(Work order): Here are the records. Write out exactly the lines between the one holding "X61332049Y-63300251D01*" and the one holding "X51984961Y-58454712D01*", inclusive.

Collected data
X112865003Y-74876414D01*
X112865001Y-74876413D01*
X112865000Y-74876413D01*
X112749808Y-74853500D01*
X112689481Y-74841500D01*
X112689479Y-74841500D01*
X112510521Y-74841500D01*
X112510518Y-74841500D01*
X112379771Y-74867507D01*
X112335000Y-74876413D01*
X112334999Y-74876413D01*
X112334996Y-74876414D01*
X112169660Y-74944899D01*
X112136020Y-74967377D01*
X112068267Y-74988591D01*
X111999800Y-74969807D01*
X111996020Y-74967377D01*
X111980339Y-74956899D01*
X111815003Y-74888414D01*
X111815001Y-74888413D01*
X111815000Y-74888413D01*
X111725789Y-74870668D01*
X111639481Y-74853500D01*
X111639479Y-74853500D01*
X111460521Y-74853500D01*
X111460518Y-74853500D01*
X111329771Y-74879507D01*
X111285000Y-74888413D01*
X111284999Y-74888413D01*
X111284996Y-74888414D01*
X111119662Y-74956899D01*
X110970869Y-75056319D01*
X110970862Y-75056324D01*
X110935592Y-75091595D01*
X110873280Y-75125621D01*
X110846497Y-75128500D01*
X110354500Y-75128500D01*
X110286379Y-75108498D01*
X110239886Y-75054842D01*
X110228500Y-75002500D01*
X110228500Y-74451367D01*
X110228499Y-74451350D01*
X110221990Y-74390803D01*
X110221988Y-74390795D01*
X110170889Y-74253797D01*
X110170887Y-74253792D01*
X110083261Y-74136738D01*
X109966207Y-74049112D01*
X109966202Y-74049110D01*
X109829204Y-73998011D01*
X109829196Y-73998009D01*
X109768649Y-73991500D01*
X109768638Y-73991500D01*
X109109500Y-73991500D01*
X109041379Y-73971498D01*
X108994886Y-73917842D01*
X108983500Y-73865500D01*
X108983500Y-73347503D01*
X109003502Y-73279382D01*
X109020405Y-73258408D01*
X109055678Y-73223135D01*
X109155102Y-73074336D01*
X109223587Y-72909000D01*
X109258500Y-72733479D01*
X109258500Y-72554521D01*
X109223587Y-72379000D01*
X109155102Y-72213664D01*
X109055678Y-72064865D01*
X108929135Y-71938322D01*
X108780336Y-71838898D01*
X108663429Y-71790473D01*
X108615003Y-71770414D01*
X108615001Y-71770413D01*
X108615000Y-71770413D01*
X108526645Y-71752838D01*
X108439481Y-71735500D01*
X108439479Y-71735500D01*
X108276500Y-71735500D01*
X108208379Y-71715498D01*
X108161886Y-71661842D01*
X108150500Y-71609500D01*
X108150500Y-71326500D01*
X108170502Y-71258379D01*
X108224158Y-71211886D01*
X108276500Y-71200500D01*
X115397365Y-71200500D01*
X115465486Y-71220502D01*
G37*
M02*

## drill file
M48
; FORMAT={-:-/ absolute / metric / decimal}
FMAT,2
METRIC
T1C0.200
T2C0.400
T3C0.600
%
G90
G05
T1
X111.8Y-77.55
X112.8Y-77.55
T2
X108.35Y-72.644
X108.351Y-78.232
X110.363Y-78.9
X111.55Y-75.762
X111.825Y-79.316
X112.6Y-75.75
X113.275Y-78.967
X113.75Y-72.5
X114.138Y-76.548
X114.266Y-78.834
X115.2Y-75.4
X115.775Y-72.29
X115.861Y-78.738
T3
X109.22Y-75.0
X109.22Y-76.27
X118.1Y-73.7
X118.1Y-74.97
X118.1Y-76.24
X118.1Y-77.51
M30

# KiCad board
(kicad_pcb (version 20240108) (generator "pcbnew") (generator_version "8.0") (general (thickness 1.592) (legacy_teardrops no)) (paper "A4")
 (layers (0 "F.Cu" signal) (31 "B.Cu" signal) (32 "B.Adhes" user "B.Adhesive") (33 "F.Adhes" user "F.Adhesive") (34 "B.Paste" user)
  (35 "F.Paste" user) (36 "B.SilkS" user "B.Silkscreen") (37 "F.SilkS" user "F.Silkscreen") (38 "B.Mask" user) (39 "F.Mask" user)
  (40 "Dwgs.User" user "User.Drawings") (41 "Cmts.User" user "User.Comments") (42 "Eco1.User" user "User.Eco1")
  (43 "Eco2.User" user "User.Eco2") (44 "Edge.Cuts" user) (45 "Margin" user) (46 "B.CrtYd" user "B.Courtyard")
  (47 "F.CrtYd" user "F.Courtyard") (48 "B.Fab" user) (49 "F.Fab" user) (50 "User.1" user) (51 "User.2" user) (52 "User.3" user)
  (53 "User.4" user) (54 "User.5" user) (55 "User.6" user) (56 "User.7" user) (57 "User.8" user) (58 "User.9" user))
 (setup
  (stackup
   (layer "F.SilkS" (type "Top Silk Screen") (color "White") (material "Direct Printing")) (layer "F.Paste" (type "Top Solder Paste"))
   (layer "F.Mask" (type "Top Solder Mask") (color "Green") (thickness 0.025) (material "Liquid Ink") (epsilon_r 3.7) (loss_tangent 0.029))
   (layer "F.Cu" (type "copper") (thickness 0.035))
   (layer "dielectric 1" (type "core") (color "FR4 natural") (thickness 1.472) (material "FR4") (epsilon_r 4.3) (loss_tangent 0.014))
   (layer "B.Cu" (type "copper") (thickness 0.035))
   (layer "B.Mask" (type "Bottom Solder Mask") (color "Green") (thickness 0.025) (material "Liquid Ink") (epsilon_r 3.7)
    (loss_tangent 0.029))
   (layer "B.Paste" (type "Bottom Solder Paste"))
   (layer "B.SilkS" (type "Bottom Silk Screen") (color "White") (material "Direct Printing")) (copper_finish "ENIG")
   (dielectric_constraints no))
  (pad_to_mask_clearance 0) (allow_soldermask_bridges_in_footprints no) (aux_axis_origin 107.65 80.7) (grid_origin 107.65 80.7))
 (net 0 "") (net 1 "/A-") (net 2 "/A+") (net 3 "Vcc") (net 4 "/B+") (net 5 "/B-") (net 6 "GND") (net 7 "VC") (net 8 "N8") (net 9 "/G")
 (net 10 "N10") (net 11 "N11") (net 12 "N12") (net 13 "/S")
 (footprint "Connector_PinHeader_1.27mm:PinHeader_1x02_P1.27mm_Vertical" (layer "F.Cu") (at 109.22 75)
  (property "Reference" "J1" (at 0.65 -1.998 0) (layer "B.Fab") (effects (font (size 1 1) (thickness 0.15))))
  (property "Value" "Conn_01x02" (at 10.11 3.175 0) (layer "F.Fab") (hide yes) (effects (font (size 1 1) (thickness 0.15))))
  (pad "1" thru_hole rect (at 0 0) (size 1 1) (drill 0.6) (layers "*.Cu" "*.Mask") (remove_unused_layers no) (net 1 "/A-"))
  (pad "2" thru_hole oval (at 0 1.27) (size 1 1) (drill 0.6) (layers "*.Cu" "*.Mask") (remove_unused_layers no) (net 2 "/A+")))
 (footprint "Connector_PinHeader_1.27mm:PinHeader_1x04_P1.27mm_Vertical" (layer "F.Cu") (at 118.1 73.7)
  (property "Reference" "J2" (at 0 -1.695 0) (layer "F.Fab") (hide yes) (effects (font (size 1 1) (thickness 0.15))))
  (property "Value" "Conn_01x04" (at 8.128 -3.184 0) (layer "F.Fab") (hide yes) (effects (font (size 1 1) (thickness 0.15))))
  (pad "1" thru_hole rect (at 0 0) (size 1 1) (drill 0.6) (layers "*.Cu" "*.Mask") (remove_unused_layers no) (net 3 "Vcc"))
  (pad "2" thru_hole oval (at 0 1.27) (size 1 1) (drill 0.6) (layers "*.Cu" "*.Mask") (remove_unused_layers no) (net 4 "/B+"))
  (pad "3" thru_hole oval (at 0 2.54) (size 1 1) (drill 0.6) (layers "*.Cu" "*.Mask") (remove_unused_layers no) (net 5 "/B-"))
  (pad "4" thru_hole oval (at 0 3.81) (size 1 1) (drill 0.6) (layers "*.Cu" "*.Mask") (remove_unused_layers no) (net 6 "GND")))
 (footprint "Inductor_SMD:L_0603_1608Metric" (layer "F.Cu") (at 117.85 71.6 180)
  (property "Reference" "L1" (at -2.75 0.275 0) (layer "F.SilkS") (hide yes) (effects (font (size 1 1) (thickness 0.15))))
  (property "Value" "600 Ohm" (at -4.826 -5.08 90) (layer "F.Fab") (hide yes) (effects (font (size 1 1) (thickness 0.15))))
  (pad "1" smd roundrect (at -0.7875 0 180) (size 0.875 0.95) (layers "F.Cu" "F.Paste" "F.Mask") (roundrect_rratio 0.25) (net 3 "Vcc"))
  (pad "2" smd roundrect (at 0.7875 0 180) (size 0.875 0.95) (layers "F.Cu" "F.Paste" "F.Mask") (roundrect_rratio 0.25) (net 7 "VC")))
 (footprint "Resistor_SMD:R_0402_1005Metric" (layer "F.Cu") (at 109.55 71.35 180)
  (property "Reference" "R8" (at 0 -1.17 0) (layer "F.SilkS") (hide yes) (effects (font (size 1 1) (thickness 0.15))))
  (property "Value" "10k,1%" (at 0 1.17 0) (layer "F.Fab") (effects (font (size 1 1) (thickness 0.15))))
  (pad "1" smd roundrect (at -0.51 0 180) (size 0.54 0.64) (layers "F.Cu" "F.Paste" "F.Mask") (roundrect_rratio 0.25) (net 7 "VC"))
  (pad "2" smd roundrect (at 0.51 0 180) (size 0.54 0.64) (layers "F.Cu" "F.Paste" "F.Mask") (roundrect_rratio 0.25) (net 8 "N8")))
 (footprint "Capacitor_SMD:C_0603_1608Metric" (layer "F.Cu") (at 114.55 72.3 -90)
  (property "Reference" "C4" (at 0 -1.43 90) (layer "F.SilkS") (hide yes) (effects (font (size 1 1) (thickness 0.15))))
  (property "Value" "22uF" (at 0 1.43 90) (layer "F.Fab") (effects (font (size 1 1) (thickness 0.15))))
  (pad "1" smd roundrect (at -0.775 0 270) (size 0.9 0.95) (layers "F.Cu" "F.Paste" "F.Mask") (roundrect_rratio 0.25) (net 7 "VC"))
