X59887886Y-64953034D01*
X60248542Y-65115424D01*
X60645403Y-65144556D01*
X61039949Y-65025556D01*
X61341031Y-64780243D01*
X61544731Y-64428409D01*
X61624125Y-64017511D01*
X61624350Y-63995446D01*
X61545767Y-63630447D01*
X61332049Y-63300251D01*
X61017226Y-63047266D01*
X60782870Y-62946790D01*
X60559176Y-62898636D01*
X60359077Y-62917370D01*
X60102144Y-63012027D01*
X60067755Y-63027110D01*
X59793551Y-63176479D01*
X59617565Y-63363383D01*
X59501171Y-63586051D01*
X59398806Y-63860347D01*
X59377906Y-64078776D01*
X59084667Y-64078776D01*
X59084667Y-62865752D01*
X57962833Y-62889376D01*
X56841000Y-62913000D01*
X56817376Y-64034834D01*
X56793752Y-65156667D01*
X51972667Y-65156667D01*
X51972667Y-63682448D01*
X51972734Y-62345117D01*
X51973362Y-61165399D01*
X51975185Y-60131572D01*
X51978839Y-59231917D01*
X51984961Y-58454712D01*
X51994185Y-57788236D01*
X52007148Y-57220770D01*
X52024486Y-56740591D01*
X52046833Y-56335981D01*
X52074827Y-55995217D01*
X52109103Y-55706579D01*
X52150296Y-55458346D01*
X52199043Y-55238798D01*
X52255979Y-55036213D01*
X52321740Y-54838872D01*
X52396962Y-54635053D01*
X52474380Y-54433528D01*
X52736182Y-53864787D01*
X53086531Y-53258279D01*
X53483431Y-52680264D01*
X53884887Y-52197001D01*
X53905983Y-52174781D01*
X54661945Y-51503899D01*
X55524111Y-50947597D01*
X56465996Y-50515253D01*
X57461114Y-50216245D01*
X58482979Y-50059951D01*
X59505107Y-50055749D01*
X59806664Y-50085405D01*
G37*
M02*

(Written response):
X61332049Y-63300251D01*
X61017226Y-63047266D01*
X60782870Y-62946790D01*
X60559176Y-62898636D01*
X60359077Y-62917370D01*
X60102144Y-63012027D01*
X60067755Y-63027110D01*
X59793551Y-63176479D01*
X59617565Y-63363383D01*
X59501171Y-63586051D01*
X59398806Y-63860347D01*
X59377906Y-64078776D01*
X59084667Y-64078776D01*
X59084667Y-62865752D01*
X57962833Y-62889376D01*
X56841000Y-62913000D01*
X56817376Y-64034834D01*
X56793752Y-65156667D01*
X51972667Y-65156667D01*
X51972667Y-63682448D01*
X51972734Y-62345117D01*
X51973362Y-61165399D01*
X51975185Y-60131572D01*
X51978839Y-59231917D01*
X51984961Y-58454712D01*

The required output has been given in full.